Mr Zimmerman is a moody sort of guy. But I mean that in the best possible way. For fifty years or more this extraordinary poet and musician, and all round song and dance man, has been exploring the many contradictory moods of the human condition and doing so with the fine skill of a master wordsmith. I don’t profess to know much about previous winners of this supposedly prestigious literary award so I am unable to make comparisons, but I can say emphatically that BD has the enduring ability to ‘coin a phrase’ that stays with you for the rest of your damn life. There can be few men or women of words that can claim that sort of mantle. And still today, an event may present itself in the news, and one of those poignant Dylan lines pops into mind that seems to perfectly sum up the situation no matter how devilishly complex that situation may be. For that alone I would suggest that the award is well deserved.

It hasn’t always been easy. BD has produced his fair share of duds. But even the very tamest of his albums invariable has one or two gems to savour. And the weird thing is, give some of his material a long enough airing and you start to find a magic there that wasn’t immediately apparent on those first few listening's. A case in point for me was the Basement Tapes. Originally released in 1975, I just couldn’t see what all the fuss was about. In fact, to be honest, I found the stuff unlistenable. Then, forty years later they re-release the tapes along with the usual digital remixing and - hey presto- it’s some of the best Dylan music I’ve ever come across. I was lucky enough to get the complete six disc set for a present and now I’m totally hooked. The tapes seem to encapsulate the very spirit of the man; questioning, experimental and above all, humorous.

Then there’s the religious stuff. Not my cup of tea for sure but even here some of the songs he’s produced from this era are quite stunning. Leave aside for a moment the inane ramblings about judgement day and the afterlife, and what you have is an artist trying to create some meaning out of our meaningless universe. We all have our particular way of doing that but Dylan, being the poet that he is, takes it to another, dare I say, spiritual level. Try listening to ‘Every Grain of Sand’ and ‘Sign of the Cross’ from the official bootleg series to get a sense of what I mean. You don’t have to be a paid up born-again Christian to be able to feel the sense of spiritual wonder that Dylan is able to conjure up.

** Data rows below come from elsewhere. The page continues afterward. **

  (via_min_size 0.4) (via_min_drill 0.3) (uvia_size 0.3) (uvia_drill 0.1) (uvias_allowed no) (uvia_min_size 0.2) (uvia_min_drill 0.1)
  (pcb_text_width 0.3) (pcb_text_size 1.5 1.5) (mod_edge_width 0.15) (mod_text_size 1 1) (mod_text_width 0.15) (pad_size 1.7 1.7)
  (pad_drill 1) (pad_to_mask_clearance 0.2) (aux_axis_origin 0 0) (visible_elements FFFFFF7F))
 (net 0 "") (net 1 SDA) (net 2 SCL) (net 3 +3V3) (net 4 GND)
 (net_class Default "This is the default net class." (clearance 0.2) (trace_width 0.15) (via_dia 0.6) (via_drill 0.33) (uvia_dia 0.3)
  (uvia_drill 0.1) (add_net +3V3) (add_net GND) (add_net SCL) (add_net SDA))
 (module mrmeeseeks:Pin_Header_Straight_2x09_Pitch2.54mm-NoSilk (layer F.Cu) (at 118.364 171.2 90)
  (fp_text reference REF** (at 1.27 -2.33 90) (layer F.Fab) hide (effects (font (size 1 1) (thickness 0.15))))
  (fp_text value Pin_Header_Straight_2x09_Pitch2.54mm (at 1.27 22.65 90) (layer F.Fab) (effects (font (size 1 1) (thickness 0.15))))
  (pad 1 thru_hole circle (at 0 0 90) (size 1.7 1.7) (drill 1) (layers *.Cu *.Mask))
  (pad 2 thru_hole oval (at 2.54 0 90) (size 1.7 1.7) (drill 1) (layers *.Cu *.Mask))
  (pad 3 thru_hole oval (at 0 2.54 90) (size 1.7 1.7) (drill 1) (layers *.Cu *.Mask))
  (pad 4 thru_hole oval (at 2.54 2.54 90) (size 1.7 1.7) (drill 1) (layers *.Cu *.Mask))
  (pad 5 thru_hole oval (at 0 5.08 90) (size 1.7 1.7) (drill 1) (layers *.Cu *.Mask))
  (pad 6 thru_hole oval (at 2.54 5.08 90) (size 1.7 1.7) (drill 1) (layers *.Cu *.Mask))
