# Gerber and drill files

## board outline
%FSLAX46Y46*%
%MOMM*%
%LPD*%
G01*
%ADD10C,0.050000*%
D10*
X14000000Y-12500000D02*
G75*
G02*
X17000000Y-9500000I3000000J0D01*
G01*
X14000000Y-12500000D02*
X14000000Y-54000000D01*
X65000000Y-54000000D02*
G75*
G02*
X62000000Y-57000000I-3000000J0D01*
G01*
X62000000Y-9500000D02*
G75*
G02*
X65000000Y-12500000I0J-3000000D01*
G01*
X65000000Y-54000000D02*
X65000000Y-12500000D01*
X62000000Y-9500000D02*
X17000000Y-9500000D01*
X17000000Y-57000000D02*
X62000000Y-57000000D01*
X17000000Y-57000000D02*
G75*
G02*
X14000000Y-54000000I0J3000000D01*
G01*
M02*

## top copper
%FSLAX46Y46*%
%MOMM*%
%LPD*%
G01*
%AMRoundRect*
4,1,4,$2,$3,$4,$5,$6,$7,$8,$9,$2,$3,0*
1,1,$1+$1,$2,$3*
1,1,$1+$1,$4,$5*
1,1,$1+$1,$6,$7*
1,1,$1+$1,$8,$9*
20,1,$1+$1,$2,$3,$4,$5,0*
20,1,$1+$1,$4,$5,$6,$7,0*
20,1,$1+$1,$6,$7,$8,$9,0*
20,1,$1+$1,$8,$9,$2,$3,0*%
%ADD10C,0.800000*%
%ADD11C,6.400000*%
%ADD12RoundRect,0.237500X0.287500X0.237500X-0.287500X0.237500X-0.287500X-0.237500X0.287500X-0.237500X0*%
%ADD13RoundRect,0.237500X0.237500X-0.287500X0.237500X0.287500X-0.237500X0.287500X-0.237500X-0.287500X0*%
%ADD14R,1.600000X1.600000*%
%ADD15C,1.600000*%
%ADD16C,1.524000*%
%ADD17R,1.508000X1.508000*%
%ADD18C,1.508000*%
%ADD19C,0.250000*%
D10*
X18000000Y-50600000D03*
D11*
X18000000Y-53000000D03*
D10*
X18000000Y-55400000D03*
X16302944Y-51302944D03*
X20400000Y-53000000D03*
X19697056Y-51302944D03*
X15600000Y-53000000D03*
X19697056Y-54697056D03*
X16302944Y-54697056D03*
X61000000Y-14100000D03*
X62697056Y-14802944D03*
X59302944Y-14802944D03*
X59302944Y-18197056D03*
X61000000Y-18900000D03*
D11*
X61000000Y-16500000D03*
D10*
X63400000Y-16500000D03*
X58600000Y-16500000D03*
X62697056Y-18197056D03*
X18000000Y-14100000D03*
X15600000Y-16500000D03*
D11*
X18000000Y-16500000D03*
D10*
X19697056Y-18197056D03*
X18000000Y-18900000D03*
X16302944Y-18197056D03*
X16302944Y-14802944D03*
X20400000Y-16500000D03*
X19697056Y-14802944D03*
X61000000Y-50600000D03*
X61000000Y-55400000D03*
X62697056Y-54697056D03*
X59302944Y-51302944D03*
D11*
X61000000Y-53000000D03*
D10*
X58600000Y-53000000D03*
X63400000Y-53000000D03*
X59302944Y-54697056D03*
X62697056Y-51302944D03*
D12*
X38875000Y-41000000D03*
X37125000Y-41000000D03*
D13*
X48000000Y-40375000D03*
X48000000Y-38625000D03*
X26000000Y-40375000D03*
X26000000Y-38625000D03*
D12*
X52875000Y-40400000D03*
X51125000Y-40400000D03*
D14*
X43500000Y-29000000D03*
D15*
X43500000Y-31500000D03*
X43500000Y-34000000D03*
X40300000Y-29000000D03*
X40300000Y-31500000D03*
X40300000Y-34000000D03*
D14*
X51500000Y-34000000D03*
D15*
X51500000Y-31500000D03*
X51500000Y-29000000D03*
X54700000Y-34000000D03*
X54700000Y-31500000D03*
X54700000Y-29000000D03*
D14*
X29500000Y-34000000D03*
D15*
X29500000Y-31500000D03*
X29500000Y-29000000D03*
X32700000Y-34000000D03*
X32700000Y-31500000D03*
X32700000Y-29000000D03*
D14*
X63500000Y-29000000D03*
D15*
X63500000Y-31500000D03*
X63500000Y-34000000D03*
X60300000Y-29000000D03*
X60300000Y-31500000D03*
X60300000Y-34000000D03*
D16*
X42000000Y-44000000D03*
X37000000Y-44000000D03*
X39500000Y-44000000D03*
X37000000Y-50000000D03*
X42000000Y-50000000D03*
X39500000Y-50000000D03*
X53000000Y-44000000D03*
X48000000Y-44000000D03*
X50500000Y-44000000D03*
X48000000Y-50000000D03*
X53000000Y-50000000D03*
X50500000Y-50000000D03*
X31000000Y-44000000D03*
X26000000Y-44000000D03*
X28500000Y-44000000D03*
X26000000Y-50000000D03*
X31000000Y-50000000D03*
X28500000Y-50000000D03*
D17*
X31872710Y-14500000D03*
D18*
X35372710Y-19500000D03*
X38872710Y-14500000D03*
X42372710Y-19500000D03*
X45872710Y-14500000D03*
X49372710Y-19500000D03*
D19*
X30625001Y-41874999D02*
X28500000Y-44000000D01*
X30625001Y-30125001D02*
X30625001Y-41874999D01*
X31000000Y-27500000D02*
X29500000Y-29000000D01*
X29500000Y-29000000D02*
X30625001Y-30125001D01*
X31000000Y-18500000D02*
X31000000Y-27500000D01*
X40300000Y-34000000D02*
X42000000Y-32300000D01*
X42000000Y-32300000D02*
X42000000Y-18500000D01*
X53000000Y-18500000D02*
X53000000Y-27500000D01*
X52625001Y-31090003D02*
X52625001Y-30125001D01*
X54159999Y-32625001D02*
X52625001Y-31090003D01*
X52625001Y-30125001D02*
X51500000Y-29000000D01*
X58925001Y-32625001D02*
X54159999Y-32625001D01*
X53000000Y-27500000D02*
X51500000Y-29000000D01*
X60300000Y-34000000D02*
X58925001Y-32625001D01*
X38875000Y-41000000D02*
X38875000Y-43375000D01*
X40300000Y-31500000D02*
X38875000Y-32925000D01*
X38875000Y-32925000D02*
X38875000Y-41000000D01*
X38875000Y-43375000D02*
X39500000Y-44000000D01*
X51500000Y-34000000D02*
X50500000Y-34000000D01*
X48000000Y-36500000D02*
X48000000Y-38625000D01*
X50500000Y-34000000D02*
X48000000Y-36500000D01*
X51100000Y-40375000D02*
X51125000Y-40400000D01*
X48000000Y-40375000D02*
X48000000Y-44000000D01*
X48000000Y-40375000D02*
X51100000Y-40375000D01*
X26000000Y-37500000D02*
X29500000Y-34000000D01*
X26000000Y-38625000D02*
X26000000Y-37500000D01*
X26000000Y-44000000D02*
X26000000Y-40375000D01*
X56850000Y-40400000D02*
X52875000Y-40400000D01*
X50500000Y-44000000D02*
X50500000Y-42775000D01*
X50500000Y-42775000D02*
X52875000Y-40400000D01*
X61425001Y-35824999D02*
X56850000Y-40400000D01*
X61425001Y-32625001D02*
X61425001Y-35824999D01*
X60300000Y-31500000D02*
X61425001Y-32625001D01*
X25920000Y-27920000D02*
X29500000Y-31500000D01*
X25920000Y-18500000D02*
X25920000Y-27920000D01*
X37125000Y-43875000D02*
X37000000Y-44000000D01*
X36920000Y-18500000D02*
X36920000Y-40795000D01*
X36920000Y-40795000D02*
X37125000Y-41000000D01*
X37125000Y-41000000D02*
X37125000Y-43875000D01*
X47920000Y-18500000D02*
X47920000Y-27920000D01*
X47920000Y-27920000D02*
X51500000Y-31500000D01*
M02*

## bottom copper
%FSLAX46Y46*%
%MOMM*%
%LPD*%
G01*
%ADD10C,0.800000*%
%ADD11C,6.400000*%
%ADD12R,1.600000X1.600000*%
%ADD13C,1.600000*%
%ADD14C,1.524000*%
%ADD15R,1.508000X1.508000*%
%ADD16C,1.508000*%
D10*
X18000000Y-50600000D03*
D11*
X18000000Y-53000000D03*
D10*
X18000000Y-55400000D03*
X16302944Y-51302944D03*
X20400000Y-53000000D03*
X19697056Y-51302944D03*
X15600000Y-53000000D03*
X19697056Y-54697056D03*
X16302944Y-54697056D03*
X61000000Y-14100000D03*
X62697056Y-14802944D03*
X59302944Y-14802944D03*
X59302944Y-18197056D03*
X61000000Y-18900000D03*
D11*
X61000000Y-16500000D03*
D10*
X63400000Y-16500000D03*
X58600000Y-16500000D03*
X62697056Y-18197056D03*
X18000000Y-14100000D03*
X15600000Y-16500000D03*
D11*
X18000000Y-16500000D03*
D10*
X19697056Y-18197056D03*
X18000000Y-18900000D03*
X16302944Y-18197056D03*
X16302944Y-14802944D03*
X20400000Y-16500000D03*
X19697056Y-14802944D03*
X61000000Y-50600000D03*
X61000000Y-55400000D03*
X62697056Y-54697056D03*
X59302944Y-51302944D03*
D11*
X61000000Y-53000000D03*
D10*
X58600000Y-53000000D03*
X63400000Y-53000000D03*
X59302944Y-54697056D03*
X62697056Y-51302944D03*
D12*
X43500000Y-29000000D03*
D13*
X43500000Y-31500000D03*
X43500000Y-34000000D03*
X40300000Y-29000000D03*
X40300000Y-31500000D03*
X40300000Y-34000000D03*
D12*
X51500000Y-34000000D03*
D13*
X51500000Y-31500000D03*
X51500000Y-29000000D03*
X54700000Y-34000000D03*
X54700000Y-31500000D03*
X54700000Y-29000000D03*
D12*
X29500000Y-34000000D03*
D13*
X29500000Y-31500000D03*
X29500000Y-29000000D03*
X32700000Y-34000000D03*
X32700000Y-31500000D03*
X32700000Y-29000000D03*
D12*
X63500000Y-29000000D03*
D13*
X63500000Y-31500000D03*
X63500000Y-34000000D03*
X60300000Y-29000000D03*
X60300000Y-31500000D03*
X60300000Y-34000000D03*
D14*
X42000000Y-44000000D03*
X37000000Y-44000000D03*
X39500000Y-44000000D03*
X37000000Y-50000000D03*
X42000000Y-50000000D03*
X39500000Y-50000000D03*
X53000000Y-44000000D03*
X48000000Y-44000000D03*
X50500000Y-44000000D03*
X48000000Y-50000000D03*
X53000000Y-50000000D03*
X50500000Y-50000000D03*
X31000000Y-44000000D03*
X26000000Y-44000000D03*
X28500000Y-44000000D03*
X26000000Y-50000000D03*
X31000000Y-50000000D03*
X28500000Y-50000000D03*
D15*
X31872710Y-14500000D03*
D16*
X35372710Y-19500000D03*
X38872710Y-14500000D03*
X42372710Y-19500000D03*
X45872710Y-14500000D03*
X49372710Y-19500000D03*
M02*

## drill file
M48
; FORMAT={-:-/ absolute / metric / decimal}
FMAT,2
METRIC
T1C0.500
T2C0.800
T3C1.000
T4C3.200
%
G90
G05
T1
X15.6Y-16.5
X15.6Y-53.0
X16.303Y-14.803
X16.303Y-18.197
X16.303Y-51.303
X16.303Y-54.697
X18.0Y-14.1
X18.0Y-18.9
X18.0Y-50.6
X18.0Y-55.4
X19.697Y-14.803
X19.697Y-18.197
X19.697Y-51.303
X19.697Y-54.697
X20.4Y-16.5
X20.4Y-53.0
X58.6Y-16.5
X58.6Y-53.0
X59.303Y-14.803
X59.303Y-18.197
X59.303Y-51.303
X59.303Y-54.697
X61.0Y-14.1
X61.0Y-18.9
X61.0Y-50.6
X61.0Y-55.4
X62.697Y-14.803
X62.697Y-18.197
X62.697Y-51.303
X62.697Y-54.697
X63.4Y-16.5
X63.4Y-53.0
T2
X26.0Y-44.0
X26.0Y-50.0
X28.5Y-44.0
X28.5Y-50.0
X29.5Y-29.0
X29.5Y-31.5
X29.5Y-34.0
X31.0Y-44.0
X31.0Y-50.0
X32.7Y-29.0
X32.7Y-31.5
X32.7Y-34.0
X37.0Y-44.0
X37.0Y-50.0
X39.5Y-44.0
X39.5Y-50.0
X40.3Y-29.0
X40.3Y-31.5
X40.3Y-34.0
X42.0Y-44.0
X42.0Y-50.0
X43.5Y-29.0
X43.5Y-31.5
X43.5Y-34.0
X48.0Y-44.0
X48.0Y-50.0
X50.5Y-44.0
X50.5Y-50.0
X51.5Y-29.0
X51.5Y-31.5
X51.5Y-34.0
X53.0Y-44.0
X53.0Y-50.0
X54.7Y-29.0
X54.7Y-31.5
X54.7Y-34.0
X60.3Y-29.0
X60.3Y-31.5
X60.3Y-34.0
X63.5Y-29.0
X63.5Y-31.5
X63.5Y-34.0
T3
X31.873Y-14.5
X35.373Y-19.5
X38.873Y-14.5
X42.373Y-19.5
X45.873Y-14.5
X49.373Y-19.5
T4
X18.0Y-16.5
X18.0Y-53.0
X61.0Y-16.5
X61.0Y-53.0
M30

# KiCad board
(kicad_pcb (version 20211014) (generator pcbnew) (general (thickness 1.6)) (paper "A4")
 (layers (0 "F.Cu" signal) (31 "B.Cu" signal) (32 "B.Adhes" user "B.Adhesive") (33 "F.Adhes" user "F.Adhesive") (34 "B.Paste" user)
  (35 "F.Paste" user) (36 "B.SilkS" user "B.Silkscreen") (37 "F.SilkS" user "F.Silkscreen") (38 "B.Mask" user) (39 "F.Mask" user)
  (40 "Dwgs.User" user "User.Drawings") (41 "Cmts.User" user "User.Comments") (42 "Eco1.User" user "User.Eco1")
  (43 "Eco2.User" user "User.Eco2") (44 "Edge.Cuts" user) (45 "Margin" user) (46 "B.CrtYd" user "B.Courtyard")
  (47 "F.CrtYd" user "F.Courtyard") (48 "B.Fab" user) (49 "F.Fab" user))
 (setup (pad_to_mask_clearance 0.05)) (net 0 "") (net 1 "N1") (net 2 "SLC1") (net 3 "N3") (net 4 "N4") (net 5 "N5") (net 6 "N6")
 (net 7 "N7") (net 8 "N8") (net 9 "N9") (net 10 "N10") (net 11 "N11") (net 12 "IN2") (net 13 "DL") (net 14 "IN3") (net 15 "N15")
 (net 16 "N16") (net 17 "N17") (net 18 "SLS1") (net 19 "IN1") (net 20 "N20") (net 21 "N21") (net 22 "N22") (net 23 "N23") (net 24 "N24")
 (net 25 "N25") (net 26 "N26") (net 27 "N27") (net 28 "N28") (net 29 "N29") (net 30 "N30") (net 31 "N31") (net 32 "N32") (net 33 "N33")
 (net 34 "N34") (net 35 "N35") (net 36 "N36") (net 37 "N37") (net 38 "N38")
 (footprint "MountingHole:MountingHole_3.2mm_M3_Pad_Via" (layer "F.Cu") (at 18 53)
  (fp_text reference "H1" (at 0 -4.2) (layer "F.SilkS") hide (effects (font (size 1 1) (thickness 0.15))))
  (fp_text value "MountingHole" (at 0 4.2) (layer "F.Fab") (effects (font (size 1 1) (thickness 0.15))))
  (pad "1" thru_hole circle locked (at 0 -2.4) (size 0.8 0.8) (drill 0.5) (layers *.Cu *.Mask))
  (pad "1" thru_hole circle locked (at 0 0) (size 6.4 6.4) (drill 3.2) (layers *.Cu *.Mask))
  (pad "1" thru_hole circle locked (at 0 2.4) (size 0.8 0.8) (drill 0.5) (layers *.Cu *.Mask))
  (pad "1" thru_hole circle locked (at -1.697056 -1.697056) (size 0.8 0.8) (drill 0.5) (layers *.Cu *.Mask))
  (pad "1" thru_hole circle locked (at 2.4 0) (size 0.8 0.8) (drill 0.5) (layers *.Cu *.Mask))
  (pad "1" thru_hole circle locked (at 1.697056 -1.697056) (size 0.8 0.8) (drill 0.5) (layers *.Cu *.Mask))
  (pad "1" thru_hole circle locked (at -2.4 0) (size 0.8 0.8) (drill 0.5) (layers *.Cu *.Mask))
  (pad "1" thru_hole circle locked (at 1.697056 1.697056) (size 0.8 0.8) (drill 0.5) (layers *.Cu *.Mask))
  (pad "1" thru_hole circle locked (at -1.697056 1.697056) (size 0.8 0.8) (drill 0.5) (layers *.Cu *.Mask)))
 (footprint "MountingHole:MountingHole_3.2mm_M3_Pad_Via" (layer "F.Cu") (at 61 16.5)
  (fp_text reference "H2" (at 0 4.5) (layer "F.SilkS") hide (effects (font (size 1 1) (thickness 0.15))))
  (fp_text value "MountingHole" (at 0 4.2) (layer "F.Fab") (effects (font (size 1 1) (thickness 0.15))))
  (pad "1" thru_hole circle locked (at 0 -2.4) (size 0.8 0.8) (drill 0.5) (layers *.Cu *.Mask))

And that brings me to my main point. Dylan has a song for every conceivable mood. Not the typical banal love songs from the pop genre, but songs that tease out every conceivable human emotion; yearning, rejection, jealousy, resentment and outright hatred. And after that, forgiveness and reconciliation. We’ve all been there and Dylan has a song for that every bitter and contradictory occasion. It sounds like a horrible cliché, but the man has near on produced a soundtrack for your whole goddamn life. And if you care to listen to some of his more recent work, and here I’m referring particularly to a trilogy of albums; ‘Not Dark Yet’, ‘Love and Theft’, and ‘Modern Times’, you will find material that so deftly captures those unsettling moods that tend to creep up on you as the years close in. Some of the material on these albums are quite remarkable both in their intensity and lightness of touch. Who, amongst his song writing contemporaries, can claim to be still producing original and powerful work so late on in their careers. None I would argue, Not one. 

Then there is the overtly political stuff. They still resonate today with as much power as they did fifty years ago, when they were first released. Went to a Jeremy Corbyn rally a few weeks back and some guy was strumming a version of ‘The Times They Are A Changing’. It wasn’t a great version to be sure, but it still managed to stir the audience as they waited for JC to arrive on stage. If you want a really stirring version of that all-time great political anthem, then might I suggest getting yourself a copy of ‘Live at Budokan’. Here Dylan reworks his early acoustic classic with such power and emotion that I’ve decided to have it played at my funeral (which I believe not to be imminent, I might add). In fact, if Corbyn were to make that version his official soundtrack, I swear he would be heading straight to No 10 Downing St as our next Prime Minister.

 And while on the topic of classic political anthems, I defy anyone to argue that ‘Masters of War’ and Only a Pawn in Their Game’ are not as relevant and mindbogglingly powerful today as they were on first release half a century ago. And what has changed in those fifty years? Not a damn thing. Which makes Dylan’s words all the more poetically prophetic. Yes, there is no doubt in my mind that Dylan is a worthy recipient.

And my all-time favourite? Without doubt it has to be The Hurricane. If the Nobel Prize committee were ever doubtful as to Dylan’s literary worthiness, they need only peruse the lyrics of this wonderfully defiant piece of story-telling. It’s relentless in its anger and unremitting in its poetic intensity. But amidst the anger is a great beauty that reaches out to every nation and every citizen. The song draws a line in the sand. An injustice has been committed and it must not stand. Dylan draws that line and in so doing does all of humanity a mighty service. Congratulations Mr Zimmerman, I suspect you fully deserve your award.